- [Data shown]
····················

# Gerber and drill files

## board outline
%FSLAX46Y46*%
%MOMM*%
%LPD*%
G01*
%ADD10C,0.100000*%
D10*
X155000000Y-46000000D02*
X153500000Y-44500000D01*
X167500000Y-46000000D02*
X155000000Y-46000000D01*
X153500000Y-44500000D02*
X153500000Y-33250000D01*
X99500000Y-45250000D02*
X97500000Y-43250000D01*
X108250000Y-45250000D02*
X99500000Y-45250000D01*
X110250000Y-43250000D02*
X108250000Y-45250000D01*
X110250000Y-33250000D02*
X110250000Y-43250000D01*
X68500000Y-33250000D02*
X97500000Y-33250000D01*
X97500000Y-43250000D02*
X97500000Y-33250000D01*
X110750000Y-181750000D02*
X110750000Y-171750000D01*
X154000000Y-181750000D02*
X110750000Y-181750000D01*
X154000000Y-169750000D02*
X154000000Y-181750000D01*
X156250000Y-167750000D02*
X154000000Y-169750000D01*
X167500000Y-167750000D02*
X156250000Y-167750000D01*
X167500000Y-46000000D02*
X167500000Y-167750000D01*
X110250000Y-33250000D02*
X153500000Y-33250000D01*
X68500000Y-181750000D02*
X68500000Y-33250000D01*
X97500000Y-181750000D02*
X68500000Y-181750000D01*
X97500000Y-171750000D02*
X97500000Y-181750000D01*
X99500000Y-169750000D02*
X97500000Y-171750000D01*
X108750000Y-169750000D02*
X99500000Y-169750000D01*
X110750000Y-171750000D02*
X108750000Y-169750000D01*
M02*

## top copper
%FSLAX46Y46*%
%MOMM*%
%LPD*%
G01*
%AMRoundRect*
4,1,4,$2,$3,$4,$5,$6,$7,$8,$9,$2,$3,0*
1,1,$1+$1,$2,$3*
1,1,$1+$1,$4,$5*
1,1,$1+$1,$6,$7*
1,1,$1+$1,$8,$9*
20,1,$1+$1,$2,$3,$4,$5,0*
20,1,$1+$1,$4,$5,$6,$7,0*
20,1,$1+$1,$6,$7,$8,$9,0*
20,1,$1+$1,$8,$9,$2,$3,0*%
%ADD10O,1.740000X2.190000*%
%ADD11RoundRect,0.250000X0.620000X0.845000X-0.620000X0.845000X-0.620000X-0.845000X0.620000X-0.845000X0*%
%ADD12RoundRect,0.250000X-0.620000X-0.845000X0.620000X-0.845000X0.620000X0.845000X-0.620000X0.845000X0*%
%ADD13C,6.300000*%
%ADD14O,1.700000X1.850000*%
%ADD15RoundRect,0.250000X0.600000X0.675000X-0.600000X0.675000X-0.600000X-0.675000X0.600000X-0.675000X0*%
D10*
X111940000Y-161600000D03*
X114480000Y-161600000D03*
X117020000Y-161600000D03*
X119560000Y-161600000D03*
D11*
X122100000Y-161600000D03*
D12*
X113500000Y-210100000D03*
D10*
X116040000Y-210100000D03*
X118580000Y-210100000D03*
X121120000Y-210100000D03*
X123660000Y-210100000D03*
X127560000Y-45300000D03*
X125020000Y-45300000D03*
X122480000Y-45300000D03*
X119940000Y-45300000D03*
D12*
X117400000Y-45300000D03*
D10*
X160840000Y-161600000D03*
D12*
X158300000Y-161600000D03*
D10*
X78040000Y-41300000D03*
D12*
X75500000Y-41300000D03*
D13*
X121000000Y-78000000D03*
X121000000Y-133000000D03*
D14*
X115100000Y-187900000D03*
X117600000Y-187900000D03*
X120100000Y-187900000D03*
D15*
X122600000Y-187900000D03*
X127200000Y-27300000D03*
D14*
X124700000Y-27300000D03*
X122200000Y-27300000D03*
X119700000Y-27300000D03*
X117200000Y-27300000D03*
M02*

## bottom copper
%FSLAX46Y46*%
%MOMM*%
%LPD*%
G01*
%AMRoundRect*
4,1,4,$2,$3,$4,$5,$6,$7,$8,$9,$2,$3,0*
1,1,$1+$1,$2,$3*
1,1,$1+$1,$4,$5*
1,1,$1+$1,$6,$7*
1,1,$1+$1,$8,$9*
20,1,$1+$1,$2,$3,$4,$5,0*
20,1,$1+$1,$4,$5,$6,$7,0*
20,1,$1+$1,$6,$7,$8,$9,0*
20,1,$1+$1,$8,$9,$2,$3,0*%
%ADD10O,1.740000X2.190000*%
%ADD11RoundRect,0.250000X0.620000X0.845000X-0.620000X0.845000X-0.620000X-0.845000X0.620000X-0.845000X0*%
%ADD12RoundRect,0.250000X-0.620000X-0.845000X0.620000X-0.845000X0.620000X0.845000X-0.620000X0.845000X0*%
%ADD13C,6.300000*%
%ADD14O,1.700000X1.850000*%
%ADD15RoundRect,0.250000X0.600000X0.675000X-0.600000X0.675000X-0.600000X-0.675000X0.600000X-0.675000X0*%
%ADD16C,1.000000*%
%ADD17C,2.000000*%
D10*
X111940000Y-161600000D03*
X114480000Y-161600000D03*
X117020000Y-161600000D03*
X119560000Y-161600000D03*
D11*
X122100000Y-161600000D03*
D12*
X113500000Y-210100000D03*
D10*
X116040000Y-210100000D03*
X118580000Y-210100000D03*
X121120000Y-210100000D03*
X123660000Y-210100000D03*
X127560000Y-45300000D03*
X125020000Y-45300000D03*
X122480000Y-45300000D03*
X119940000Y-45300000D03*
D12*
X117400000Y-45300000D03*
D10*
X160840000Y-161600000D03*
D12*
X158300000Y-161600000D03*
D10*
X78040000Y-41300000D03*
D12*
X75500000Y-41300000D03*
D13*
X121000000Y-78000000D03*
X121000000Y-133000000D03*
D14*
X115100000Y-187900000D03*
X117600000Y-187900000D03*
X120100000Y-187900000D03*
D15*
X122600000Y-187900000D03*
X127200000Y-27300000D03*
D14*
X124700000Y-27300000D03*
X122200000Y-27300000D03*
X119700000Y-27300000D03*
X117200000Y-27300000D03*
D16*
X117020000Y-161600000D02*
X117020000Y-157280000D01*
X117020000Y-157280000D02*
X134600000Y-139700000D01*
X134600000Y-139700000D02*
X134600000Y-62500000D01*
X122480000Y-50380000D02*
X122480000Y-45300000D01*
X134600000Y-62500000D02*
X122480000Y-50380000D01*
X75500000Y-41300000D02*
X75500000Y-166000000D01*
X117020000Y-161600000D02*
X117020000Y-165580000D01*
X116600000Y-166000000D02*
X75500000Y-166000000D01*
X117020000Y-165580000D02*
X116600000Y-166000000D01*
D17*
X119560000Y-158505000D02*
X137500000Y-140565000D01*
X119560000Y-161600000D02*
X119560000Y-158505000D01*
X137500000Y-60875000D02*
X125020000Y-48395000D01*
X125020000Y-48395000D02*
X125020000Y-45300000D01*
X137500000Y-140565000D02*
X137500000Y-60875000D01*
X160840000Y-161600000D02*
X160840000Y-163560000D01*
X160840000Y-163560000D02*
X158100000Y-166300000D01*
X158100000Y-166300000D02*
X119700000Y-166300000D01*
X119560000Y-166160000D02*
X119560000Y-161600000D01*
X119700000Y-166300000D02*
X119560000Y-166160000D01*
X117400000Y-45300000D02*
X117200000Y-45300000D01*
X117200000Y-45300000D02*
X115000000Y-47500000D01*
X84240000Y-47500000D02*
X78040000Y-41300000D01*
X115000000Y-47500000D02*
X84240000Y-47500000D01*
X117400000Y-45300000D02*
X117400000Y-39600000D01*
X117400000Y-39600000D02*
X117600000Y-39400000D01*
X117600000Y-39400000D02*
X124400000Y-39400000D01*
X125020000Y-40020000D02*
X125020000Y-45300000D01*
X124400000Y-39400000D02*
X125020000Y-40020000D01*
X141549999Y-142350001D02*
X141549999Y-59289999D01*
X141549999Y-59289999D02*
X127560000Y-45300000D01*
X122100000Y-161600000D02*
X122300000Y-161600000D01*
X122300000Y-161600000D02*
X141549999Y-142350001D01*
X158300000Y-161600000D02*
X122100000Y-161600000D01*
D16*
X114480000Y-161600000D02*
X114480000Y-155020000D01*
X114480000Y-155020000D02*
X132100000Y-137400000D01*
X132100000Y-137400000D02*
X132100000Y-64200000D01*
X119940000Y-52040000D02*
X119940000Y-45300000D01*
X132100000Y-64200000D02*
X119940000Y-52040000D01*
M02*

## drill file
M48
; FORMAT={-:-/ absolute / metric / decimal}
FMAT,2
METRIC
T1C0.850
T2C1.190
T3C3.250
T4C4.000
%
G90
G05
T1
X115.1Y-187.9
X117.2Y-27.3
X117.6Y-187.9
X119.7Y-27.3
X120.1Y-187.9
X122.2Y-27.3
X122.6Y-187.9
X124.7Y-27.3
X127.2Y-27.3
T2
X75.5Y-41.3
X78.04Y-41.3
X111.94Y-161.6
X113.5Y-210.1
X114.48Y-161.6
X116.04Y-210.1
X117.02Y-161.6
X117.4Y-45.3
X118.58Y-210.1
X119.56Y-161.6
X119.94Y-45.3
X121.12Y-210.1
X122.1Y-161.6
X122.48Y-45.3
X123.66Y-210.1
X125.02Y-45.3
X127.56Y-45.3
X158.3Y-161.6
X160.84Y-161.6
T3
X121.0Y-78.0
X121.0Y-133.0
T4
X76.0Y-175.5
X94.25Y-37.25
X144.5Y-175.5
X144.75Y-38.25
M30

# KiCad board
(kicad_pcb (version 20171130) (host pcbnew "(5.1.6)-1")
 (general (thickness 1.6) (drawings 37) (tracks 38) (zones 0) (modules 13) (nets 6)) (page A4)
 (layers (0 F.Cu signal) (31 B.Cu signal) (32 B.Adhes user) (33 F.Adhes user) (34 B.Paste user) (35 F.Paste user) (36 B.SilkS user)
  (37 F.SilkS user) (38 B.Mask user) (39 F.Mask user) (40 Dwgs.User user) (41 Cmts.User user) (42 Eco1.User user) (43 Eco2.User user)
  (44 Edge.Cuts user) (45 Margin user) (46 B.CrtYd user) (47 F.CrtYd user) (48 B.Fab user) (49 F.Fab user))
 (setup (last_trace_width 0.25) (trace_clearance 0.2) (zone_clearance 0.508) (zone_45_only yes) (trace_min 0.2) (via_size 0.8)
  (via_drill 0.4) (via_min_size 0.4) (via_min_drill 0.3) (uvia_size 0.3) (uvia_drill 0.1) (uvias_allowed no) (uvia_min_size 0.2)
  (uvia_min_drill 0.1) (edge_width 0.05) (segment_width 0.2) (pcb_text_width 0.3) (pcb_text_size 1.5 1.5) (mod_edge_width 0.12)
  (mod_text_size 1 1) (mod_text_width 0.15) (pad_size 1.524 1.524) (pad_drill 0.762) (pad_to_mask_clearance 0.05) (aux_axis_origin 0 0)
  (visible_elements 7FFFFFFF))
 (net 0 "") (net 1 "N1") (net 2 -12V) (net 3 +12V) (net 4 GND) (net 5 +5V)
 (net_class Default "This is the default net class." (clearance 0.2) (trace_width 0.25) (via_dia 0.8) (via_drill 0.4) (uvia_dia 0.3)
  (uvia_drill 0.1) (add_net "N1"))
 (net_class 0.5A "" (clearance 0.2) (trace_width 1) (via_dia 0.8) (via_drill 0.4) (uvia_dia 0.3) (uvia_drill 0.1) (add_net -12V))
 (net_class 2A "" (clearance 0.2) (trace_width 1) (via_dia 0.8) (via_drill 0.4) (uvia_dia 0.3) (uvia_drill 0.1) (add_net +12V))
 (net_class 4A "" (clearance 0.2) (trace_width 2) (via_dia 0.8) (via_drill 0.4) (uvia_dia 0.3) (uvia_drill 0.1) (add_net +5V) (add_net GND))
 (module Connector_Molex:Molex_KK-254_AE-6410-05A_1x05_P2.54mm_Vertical (layer F.Cu) (at 122.1 161.6 180)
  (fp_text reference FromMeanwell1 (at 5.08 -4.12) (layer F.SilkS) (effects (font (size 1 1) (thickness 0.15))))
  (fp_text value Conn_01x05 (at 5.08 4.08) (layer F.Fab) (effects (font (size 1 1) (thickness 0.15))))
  (pad 5 thru_hole oval (at 10.16 0 180) (size 1.74 2.19) (drill 1.19) (layers *.Cu *.Mask) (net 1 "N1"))
  (pad 4 thru_hole oval (at 7.62 0 180) (size 1.74 2.19) (drill 1.19) (layers *.Cu *.Mask) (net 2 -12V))
  (pad 3 thru_hole oval (at 5.08 0 180) (size 1.74 2.19) (drill 1.19) (layers *.Cu *.Mask) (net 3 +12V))
  (pad 2 thru_hole oval (at 2.54 0 180) (size 1.74 2.19) (drill 1.19) (layers *.Cu *.Mask) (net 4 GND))
  (pad 1 thru_hole roundrect (at 0 0 180) (size 1.74 2.19) (drill 1.19) (layers *.Cu *.Mask) (roundrect_rratio 0.143678) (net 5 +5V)))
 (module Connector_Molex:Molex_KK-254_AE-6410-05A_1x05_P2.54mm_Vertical (layer F.Cu) (at 113.5 210.1)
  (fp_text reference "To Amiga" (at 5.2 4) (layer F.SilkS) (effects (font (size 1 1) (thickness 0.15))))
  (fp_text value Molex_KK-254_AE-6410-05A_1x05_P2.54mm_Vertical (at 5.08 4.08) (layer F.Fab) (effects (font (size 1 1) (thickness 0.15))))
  (pad 1 thru_hole roundrect (at 0 0) (size 1.74 2.19) (drill 1.19) (layers *.Cu *.Mask) (roundrect_rratio 0.143678))
  (pad 2 thru_hole oval (at 2.54 0) (size 1.74 2.19) (drill 1.19) (layers *.Cu *.Mask))
  (pad 3 thru_hole oval (at 5.08 0) (size 1.74 2.19) (drill 1.19) (layers *.Cu *.Mask))
  (pad 4 thru_hole oval (at 7.62 0) (size 1.74 2.19) (drill 1.19) (layers *.Cu *.Mask))
  (pad 5 thru_hole oval (at 10.16 0) (size 1.74 2.19) (drill 1.19) (layers *.Cu *.Mask)))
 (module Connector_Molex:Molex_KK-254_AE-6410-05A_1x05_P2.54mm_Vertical (layer F.Cu) (at 117.4 45.3)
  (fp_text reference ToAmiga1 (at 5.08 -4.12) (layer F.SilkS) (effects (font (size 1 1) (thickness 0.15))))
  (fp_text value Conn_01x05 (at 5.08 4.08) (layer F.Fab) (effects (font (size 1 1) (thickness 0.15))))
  (pad 5 thru_hole oval (at 10.16 0) (size 1.74 2.19) (drill 1.19) (layers *.Cu *.Mask) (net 5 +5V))
  (pad 4 thru_hole oval (at 7.62 0) (size 1.74 2.19) (drill 1.19) (layers *.Cu *.Mask) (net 4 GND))
  (pad 3 thru_hole oval (at 5.08 0) (size 1.74 2.19) (drill 1.19) (layers *.Cu *.Mask) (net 3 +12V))
  (pad 2 thru_hole oval (at 2.54 0) (size 1.74 2.19) (drill 1.19) (layers *.Cu *.Mask) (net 2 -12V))
  (pad 1 thru_hole roundrect (at 0 0) (size 1.74 2.19) (drill 1.19) (layers *.Cu *.Mask) (roundrect_rratio 0.143678) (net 4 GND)))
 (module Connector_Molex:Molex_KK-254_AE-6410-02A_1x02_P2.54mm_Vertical (layer F.Cu) (at 158.3 161.6)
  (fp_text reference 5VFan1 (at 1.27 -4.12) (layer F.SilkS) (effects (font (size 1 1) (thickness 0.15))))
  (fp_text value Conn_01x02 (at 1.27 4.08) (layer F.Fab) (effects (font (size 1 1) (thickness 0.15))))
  (pad 2 thru_hole oval (at 2.54 0) (size 1.74 2.19) (drill 1.19) (layers *.Cu *.Mask) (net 4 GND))
  (pad 1 thru_hole roundrect (at 0 0) (size 1.74 2.19) (drill 1.19) (layers *.Cu *.Mask) (roundrect_rratio 0.143678) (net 5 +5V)))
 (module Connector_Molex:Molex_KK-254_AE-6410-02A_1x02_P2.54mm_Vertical (layer F.Cu) (at 75.5 41.3)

····················

- [Exercise]
Tally the lines above with "user", please; number only.

- [Task answer]
3